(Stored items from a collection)
━━━━━━
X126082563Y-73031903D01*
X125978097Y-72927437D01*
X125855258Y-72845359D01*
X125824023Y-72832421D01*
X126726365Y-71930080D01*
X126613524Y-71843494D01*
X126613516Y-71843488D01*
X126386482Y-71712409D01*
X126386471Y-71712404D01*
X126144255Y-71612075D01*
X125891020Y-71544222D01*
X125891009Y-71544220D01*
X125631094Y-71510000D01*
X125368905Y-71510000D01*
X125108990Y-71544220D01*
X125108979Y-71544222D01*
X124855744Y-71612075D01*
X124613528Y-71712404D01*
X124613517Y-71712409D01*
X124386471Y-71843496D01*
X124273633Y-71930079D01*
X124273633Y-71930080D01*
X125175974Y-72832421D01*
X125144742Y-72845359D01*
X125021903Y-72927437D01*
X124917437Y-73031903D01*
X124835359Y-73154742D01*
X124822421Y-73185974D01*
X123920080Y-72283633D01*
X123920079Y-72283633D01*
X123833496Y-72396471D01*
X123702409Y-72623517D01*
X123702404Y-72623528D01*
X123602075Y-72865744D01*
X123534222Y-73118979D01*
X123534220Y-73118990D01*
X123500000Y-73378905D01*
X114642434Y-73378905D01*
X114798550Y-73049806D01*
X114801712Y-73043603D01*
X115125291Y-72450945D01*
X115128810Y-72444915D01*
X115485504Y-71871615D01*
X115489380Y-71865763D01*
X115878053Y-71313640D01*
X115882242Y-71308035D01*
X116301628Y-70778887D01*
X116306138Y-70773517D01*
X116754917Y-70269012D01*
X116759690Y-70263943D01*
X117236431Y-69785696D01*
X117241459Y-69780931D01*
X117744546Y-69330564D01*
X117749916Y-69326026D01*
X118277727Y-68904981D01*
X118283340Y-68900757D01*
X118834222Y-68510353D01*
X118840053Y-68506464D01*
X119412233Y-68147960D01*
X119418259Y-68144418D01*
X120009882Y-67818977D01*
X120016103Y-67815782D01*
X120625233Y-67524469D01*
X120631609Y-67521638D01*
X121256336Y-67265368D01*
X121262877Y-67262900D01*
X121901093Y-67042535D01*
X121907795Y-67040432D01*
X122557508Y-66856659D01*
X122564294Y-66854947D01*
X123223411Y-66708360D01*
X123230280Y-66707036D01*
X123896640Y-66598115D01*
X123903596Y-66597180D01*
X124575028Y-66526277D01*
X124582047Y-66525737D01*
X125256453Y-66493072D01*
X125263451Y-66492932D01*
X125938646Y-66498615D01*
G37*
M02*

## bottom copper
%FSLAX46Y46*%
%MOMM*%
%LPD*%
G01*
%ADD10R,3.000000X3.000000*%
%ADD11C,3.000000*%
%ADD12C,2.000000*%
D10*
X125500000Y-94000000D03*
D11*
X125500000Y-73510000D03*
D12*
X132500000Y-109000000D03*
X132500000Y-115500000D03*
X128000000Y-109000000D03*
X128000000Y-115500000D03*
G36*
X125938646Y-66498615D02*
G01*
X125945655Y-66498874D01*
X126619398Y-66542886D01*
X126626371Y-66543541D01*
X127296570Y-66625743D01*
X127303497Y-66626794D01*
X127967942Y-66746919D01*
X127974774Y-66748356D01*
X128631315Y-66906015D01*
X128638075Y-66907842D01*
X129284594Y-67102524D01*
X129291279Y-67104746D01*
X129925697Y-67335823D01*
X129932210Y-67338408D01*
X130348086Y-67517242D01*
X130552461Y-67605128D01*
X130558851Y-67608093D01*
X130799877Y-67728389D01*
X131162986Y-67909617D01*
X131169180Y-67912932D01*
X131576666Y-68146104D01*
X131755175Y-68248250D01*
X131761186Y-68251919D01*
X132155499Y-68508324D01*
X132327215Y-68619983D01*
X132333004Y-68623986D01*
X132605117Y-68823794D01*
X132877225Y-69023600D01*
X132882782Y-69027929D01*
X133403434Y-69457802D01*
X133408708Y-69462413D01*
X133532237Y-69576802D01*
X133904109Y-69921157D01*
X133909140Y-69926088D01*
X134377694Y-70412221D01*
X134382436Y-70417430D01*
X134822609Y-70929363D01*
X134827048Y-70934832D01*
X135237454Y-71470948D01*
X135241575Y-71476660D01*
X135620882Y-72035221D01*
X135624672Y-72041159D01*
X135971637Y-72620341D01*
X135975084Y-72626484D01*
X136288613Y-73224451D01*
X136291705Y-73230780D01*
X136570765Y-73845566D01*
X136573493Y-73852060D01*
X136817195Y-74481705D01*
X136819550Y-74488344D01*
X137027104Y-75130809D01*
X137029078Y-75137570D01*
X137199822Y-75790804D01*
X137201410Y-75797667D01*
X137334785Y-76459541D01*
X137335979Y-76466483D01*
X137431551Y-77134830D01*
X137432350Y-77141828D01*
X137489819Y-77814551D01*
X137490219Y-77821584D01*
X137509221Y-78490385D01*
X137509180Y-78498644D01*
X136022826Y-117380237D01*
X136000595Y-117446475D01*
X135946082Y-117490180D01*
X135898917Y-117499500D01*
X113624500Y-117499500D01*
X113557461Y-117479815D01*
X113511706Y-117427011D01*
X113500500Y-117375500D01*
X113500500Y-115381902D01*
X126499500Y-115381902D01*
━━━━━━
Transcribe the lines above between the line holding "X121256336Y-67265368D01*" and the line holding "X129932210Y-67338408D01*", inclusive, exactly as they stand and with nothing added.

Finished task
X121256336Y-67265368D01*
X121262877Y-67262900D01*
X121901093Y-67042535D01*
X121907795Y-67040432D01*
X122557508Y-66856659D01*
X122564294Y-66854947D01*
X123223411Y-66708360D01*
X123230280Y-66707036D01*
X123896640Y-66598115D01*
X123903596Y-66597180D01*
X124575028Y-66526277D01*
X124582047Y-66525737D01*
X125256453Y-66493072D01*
X125263451Y-66492932D01*
X125938646Y-66498615D01*
G37*
M02*

## bottom copper
%FSLAX46Y46*%
%MOMM*%
%LPD*%
G01*
%ADD10R,3.000000X3.000000*%
%ADD11C,3.000000*%
%ADD12C,2.000000*%
D10*
X125500000Y-94000000D03*
D11*
X125500000Y-73510000D03*
D12*
X132500000Y-109000000D03*
X132500000Y-115500000D03*
X128000000Y-109000000D03*
X128000000Y-115500000D03*
G36*
X125938646Y-66498615D02*
G01*
X125945655Y-66498874D01*
X126619398Y-66542886D01*
X126626371Y-66543541D01*
X127296570Y-66625743D01*
X127303497Y-66626794D01*
X127967942Y-66746919D01*
X127974774Y-66748356D01*
X128631315Y-66906015D01*
X128638075Y-66907842D01*
X129284594Y-67102524D01*
X129291279Y-67104746D01*
X129925697Y-67335823D01*
X129932210Y-67338408D01*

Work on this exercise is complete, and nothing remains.